I bought three of these last year. They work pretty well, but do get bogged down in the wet heavy stuff.

I think they were about $200/ea and got them from Northern Tool.

-John


----------



## guido (May 13, 2001)

*Casey*

We use two Stihl dedicated brooms with rubber flaps.

They work great for everything. I haven't used them in snow yet, but I've cleared 4" deep mulch off concrete and about 3" of gravel and sand with it also

They're unstoppable so far, I don't see why they won't be great in the snow too.


----------



## mowahman (May 6, 2001)

We have 2 shindiawa power brooms that we have used in the snow. The only problem we have encountered is when the snow accumulation or the pile infront of the broom get about 2/3s the way up the rubber flaps, it starts to throw the snow over the backside of the flaps. However, it's not that big of a deal, just get to the end of the run you are doing, ease up on the down pressure on handle, and let the broom "walk" itself backwards, clean up the tails. You can also angle the broom to throw the snow just as you would with a plow. Seen many people carring these things around. For the money I have invested in motors, I don't usually walk !! Let the machine do the work. Bought these machines specifically for Spring clean ups and have used them for MANY uses...once you get one, you will try using them on every project. Some uses: getting sand out of lawns, sweeping aroung edges of parking lots, sweeping small parking areas, dethatching lawns, (use "upside down" and pulll towards you), windrowing grass clippings, sweeping out shop, cleaning out bark mulch beds, leveling out bark. Can get quite creative. I looked at these for 2 years before I shelled out about $500.00 each. I was only looking at this from the angle of "$500 is a lot of cash to part with for a machine that's only gonna get used foor about 6 weeks a year....then I changed my point of view, after my Foreman "got creative". Do yourself a HUGE favor...go get one.


----------



## casey (May 14, 2001)

> _Originally posted by mowahman _
> *We have 2 shindiawa power brooms that we have used in the snow. The only problem we have encountered is when the snow accumulation or the pile infront of the broom get about 2/3s the way up the rubber flaps, it starts to throw the snow over the backside of the flaps. *


You can buy a debris shield as an accessory which may solve that problem.

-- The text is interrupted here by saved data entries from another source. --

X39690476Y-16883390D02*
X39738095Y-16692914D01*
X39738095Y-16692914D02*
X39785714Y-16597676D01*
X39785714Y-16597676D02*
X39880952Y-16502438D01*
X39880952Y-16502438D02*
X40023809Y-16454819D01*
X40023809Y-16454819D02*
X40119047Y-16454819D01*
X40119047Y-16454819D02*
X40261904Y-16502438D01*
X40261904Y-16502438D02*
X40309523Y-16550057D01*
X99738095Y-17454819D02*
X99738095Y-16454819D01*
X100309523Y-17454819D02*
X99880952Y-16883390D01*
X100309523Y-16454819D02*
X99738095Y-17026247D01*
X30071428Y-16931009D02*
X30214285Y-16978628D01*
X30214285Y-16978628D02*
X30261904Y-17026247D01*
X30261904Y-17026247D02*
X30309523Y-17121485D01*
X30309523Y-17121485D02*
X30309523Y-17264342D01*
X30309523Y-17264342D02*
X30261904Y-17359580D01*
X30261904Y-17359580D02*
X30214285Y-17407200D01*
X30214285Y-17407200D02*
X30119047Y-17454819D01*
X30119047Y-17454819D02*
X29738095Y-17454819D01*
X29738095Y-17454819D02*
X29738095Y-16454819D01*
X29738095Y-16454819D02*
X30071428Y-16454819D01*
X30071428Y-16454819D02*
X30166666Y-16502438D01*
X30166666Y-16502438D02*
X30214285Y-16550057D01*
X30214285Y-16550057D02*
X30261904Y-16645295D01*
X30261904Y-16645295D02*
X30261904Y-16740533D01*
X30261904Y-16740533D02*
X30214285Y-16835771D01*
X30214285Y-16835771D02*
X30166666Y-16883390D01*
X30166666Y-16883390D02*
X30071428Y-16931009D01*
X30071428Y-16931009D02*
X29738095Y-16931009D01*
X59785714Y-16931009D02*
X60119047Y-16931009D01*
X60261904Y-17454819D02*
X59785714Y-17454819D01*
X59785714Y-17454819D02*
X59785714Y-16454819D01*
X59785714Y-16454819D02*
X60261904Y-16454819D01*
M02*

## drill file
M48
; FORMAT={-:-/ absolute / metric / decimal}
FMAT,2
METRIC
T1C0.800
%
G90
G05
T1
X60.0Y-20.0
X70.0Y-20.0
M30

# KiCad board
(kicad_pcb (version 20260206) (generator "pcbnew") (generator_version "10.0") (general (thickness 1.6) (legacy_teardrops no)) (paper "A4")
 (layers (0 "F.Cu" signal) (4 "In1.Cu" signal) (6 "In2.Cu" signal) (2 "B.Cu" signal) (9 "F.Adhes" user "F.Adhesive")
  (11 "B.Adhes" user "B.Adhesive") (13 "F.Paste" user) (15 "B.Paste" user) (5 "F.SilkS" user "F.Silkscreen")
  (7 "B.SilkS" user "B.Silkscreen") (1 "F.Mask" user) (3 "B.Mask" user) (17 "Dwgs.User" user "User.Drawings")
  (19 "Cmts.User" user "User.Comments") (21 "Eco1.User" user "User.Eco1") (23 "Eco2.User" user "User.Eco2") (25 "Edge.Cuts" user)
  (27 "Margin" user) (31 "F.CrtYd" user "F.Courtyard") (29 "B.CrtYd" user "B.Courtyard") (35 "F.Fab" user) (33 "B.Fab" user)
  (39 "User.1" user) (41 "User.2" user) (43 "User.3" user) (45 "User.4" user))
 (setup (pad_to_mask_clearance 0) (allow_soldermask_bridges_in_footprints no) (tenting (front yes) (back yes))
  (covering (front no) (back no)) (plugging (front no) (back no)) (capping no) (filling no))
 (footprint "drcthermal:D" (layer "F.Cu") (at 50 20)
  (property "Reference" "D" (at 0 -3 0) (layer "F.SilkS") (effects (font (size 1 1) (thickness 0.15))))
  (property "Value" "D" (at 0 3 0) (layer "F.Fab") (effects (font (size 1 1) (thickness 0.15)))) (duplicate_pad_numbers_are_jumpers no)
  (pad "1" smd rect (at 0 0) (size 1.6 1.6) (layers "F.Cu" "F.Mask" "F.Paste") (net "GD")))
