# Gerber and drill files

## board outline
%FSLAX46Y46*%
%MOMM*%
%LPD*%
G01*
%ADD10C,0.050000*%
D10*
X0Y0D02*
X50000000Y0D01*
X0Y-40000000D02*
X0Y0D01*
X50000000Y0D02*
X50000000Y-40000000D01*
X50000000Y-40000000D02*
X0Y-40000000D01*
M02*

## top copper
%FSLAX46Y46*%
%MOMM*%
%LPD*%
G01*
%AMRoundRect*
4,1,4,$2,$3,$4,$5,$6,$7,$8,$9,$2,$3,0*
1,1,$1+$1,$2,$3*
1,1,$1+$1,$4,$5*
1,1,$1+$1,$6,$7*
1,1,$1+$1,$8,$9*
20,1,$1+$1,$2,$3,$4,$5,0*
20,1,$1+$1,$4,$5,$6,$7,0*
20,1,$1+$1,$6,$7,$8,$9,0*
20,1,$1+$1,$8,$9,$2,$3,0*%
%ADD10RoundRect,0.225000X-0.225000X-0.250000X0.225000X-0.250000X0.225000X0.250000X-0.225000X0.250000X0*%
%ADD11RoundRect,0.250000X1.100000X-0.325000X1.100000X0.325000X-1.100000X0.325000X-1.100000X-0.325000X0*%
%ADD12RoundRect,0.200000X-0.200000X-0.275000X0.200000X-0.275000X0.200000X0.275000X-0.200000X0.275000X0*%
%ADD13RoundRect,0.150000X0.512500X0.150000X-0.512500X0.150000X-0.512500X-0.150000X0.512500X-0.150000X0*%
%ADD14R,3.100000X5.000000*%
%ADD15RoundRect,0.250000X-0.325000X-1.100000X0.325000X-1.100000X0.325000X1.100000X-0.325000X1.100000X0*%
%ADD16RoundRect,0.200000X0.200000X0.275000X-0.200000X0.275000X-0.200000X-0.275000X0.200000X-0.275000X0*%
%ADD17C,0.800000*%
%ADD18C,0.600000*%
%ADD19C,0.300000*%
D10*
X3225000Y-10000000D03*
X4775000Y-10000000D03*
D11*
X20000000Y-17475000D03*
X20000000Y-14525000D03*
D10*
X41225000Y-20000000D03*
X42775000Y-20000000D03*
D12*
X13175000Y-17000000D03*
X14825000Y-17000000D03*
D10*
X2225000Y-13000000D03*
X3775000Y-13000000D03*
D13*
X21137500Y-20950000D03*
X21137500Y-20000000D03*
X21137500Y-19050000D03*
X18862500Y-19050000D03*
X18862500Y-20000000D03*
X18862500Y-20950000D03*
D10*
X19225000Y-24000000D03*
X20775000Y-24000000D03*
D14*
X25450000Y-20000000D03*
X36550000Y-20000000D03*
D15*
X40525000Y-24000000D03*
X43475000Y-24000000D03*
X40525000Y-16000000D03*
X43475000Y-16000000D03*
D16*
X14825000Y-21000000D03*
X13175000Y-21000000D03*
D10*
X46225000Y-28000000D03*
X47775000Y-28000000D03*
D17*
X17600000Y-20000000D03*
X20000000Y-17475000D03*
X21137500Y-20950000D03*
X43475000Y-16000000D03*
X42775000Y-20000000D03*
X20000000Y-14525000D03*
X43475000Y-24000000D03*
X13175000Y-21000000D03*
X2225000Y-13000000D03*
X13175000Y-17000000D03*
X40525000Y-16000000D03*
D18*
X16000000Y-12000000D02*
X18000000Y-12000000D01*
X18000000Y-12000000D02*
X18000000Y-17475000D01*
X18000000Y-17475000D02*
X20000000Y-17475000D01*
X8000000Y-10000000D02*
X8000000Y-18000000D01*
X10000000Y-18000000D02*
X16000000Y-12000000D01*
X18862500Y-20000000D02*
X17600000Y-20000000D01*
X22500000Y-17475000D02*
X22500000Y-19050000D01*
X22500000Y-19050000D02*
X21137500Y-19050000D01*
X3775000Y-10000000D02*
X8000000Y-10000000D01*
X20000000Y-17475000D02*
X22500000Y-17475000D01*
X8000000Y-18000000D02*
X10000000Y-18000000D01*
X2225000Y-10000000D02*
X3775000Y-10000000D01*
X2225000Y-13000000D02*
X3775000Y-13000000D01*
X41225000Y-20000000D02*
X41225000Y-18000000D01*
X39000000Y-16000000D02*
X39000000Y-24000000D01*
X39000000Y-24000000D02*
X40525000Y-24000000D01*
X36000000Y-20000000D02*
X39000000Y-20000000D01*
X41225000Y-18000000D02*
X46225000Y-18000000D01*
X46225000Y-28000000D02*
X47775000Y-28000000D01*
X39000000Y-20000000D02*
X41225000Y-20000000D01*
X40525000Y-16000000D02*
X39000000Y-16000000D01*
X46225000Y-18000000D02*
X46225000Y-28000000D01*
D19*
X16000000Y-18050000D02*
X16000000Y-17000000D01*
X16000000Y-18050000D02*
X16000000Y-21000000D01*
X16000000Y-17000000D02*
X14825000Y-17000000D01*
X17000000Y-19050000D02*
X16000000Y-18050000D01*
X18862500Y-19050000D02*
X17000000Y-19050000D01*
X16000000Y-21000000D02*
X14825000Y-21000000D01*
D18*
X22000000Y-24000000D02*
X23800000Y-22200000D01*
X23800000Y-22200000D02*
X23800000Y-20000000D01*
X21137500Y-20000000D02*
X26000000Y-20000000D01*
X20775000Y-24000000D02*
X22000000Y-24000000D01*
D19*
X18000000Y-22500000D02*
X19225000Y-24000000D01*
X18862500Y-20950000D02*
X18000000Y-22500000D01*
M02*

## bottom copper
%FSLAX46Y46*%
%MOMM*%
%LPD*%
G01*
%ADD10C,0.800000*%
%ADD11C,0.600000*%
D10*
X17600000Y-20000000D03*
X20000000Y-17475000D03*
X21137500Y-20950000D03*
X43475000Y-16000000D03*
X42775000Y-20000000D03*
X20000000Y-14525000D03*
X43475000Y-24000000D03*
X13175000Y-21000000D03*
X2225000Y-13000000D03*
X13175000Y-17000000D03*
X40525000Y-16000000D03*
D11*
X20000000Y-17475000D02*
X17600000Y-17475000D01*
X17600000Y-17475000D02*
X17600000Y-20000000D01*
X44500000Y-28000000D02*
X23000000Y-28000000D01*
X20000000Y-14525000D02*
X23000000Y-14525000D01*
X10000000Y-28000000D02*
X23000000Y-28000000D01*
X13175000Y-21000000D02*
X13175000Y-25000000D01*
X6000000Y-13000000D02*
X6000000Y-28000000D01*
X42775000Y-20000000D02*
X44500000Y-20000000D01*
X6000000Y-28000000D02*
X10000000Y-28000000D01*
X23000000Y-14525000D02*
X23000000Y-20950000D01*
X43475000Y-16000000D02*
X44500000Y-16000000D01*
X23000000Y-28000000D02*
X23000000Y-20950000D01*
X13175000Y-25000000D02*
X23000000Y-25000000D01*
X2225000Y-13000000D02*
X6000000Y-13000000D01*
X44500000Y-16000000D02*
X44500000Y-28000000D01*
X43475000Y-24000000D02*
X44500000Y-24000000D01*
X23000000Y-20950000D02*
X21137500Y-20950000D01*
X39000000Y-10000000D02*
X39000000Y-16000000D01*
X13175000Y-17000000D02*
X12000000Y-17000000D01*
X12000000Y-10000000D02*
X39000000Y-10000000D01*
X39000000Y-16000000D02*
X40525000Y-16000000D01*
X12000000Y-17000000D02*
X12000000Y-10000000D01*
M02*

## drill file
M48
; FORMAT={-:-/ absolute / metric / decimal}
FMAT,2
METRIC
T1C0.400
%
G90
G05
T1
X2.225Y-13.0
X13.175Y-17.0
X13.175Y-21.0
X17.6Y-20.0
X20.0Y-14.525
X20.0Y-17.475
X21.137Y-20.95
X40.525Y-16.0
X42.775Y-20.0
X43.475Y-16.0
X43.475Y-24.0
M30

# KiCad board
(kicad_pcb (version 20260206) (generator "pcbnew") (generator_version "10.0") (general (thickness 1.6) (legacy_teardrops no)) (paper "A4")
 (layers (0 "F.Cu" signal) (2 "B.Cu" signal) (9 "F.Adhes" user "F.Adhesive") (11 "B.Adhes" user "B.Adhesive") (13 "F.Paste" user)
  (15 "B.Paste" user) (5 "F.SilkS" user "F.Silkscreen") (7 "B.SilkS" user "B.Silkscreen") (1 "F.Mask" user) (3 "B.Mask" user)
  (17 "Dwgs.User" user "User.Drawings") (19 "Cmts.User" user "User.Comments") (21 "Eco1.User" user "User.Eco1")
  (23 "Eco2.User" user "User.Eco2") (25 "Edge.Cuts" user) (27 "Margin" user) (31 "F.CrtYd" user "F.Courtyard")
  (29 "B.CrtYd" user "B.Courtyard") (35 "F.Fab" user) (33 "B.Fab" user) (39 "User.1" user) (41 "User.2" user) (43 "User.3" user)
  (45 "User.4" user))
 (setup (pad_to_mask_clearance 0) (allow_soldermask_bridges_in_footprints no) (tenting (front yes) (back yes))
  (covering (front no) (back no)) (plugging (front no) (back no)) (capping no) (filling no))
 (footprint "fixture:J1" (layer "F.Cu") (at 4 10)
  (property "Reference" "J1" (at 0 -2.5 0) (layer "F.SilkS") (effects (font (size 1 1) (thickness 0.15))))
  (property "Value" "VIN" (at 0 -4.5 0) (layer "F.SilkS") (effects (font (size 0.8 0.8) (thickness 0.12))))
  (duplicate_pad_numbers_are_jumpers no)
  (pad "1" smd roundrect (at -0.775 0) (size 0.9 0.95) (layers "F.Cu" "F.Mask" "F.Paste") (roundrect_rratio 0.25) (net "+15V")
   (thermal_bridge_angle 45))
  (pad "2" smd roundrect (at 0.775 0) (size 0.9 0.95) (layers "F.Cu" "F.Mask" "F.Paste") (roundrect_rratio 0.25) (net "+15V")
   (thermal_bridge_angle 45)))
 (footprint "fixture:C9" (layer "F.Cu") (at 20 16 90)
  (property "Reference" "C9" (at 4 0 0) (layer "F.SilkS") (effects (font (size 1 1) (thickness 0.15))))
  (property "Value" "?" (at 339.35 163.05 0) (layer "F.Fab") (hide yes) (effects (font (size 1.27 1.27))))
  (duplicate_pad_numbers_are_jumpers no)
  (pad "1" smd roundrect (at -1.475 0 90) (size 1.15 2.7) (layers "F.Cu" "F.Mask" "F.Paste") (roundrect_rratio 0.217391) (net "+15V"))
  (pad "2" smd roundrect (at 1.475 0 90) (size 1.15 2.7) (layers "F.Cu" "F.Mask" "F.Paste") (roundrect_rratio 0.217391) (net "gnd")))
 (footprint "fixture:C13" (layer "F.Cu") (at 42 20)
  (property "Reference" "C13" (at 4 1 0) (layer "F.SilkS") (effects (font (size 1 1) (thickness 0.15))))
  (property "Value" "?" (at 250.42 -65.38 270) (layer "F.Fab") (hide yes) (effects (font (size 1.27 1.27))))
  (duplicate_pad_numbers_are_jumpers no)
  (pad "1" smd roundrect (at -0.775 0) (size 0.9 0.95) (layers "F.Cu" "F.Mask" "F.Paste") (roundrect_rratio 0.25) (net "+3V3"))
  (pad "2" smd roundrect (at 0.775 0) (size 0.9 0.95) (layers "F.Cu" "F.Mask" "F.Paste") (roundrect_rratio 0.25) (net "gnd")))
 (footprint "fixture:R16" (layer "F.Cu") (at 14 17)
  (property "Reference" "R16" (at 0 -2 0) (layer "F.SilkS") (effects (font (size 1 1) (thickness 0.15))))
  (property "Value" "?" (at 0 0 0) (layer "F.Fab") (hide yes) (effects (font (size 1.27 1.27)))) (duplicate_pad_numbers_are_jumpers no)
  (pad "1" smd roundrect (at -0.825 0) (size 0.8 0.95) (layers "F.Cu" "F.Mask" "F.Paste") (roundrect_rratio 0.25) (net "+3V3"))
  (pad "2" smd roundrect (at 0.825 0) (size 0.8 0.95) (layers "F.Cu" "F.Mask" "F.Paste") (roundrect_rratio 0.25) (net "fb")))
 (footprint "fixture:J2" (layer "F.Cu") (at 3 13)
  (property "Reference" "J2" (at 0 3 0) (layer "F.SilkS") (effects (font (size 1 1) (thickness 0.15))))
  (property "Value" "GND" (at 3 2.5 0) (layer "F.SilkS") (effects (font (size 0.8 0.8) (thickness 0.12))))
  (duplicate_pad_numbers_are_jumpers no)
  (pad "1" smd roundrect (at -0.775 0) (size 0.9 0.95) (layers "F.Cu" "F.Mask" "F.Paste") (roundrect_rratio 0.25) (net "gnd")
   (thermal_bridge_angle 45))
  (pad "2" smd roundrect (at 0.775 0) (size 0.9 0.95) (layers "F.Cu" "F.Mask" "F.Paste") (roundrect_rratio 0.25) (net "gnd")
   (thermal_bridge_angle 45)))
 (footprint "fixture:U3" (layer "F.Cu") (at 20 20 180)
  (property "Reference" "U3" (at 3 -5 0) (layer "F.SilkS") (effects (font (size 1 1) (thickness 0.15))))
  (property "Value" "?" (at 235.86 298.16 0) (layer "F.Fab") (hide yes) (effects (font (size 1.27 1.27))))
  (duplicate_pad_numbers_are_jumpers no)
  (pad "1" smd roundrect (at -1.1375 -0.95 180) (size 1.325 0.6) (layers "F.Cu" "F.Mask" "F.Paste") (roundrect_rratio 0.25) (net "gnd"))
  (pad "2" smd roundrect (at -1.1375 0 180) (size 1.325 0.6) (layers "F.Cu" "F.Mask" "F.Paste") (roundrect_rratio 0.25) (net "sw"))
  (pad "3" smd roundrect (at -1.1375 0.95 180) (size 1.325 0.6) (layers "F.Cu" "F.Mask" "F.Paste") (roundrect_rratio 0.25) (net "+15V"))
  (pad "4" smd roundrect (at 1.1375 0.95 180) (size 1.325 0.6) (layers "F.Cu" "F.Mask" "F.Paste") (roundrect_rratio 0.25) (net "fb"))
  (pad "5" smd roundrect (at 1.1375 0 180) (size 1.325 0.6) (layers "F.Cu" "F.Mask" "F.Paste") (roundrect_rratio 0.25) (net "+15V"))
  (pad "6" smd roundrect (at 1.1375 -0.95 180) (size 1.325 0.6) (layers "F.Cu" "F.Mask" "F.Paste") (roundrect_rratio 0.25) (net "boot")))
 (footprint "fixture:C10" (layer "F.Cu") (at 20 24)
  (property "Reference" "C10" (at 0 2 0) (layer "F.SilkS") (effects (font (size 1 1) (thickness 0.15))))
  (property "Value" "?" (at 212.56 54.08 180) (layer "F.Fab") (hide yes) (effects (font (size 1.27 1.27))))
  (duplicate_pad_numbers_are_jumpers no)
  (pad "1" smd roundrect (at -0.775 0) (size 0.9 0.95) (layers "F.Cu" "F.Mask" "F.Paste") (roundrect_rratio 0.25) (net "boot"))
  (pad "2" smd roundrect (at 0.775 0) (size 0.9 0.95) (layers "F.Cu" "F.Mask" "F.Paste") (roundrect_rratio 0.25) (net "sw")))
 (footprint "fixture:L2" (layer "F.Cu") (at 31 20)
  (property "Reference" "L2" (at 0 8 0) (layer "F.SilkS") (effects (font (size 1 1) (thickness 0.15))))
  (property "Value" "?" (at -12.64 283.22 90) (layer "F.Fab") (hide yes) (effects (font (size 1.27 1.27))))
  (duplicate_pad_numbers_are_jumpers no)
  (pad "1" smd rect (at -5.55 0) (size 3.1 5) (layers "F.Cu" "F.Mask" "F.Paste") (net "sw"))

Do you find your guys will grab the power broom over a shovel for small areas? It's alot heavier to carry to the work area.


----------



## mowahman (May 6, 2001)

Casey, we carry them in the trucks that have alot of shoveling. It all depends on what/how the truck operator feels like doing or what would be quickest..shovel or broom. We run 4 trucks, 4 routes. Operator is also shoveler, so I leave it up to them to make a field decision. I know that on brick walkways, brooms will out do any shovel. No getting gagged up on edges or joints of the bricks. As for being heavier, the brooms are, but, after however long plowing, heavy is a relative term. A shovel full of snow can be heavy. As I stated earlier, once the broom hits the ground, you never "have" to carry it. The broom turns like a wheel, so you can "drive" it anywhere. (I prefer the operators NOT to drive it back into the truck, though.) That's where lifting comes into play. If you can, try renting one for a storm and see if it works for you. Although once you have one, you will find better ways to complete the tasks. Just like plowing a new lot for the first time compared to a lot you have plowed for years...you can find a better.quicker, faster way. You gotta get one of these things. I looked hard at them for 2 years, then after I bought the first one, I realized I had wasted 2 yrs. of hard work on being skeptical. I am one who does not buy into new technology on the first go round. I still have my tried and proven 1974 Chevy 1/2 ton with 7' plow on the front line...I hate new stuff, so these were something that I looked at as new fangled, wizzkid, wannabe toyz. They're not..they are a quality production machine, some limitations, but once you realize the limitations, you can improvise a solution.

On light fluffy, powder snow, we have even used our backpack blowers....really neat to see peoples' reaction to that. "I thought you could only use those things to blow leaves around." Told this to a friend that worked at a car dealership...he had the job ofo cleaning off all the cars on the lot after it snowed..took one of ours with him one day, they went out and bought 2 BPblowers and now can have all the cars cleaned off in 1/2 the time and without scratches.


----------



## mowahman (May 6, 2001)

Sorry Casey, I got carried away and forgot...I haven't seen a debris shield at my dealer, although I know other makes have them. We have just adapted to the "throw back" by cleaning up the trails.


----------



## casey (May 14, 2001)

I use BP blowers as well for cars & light snow on walks. The Echo 650's are awesome compared to the Sthil BR 400's we were using. They can blow a brick down a drive.

Will be trying a LW push blower for light falls this year as well.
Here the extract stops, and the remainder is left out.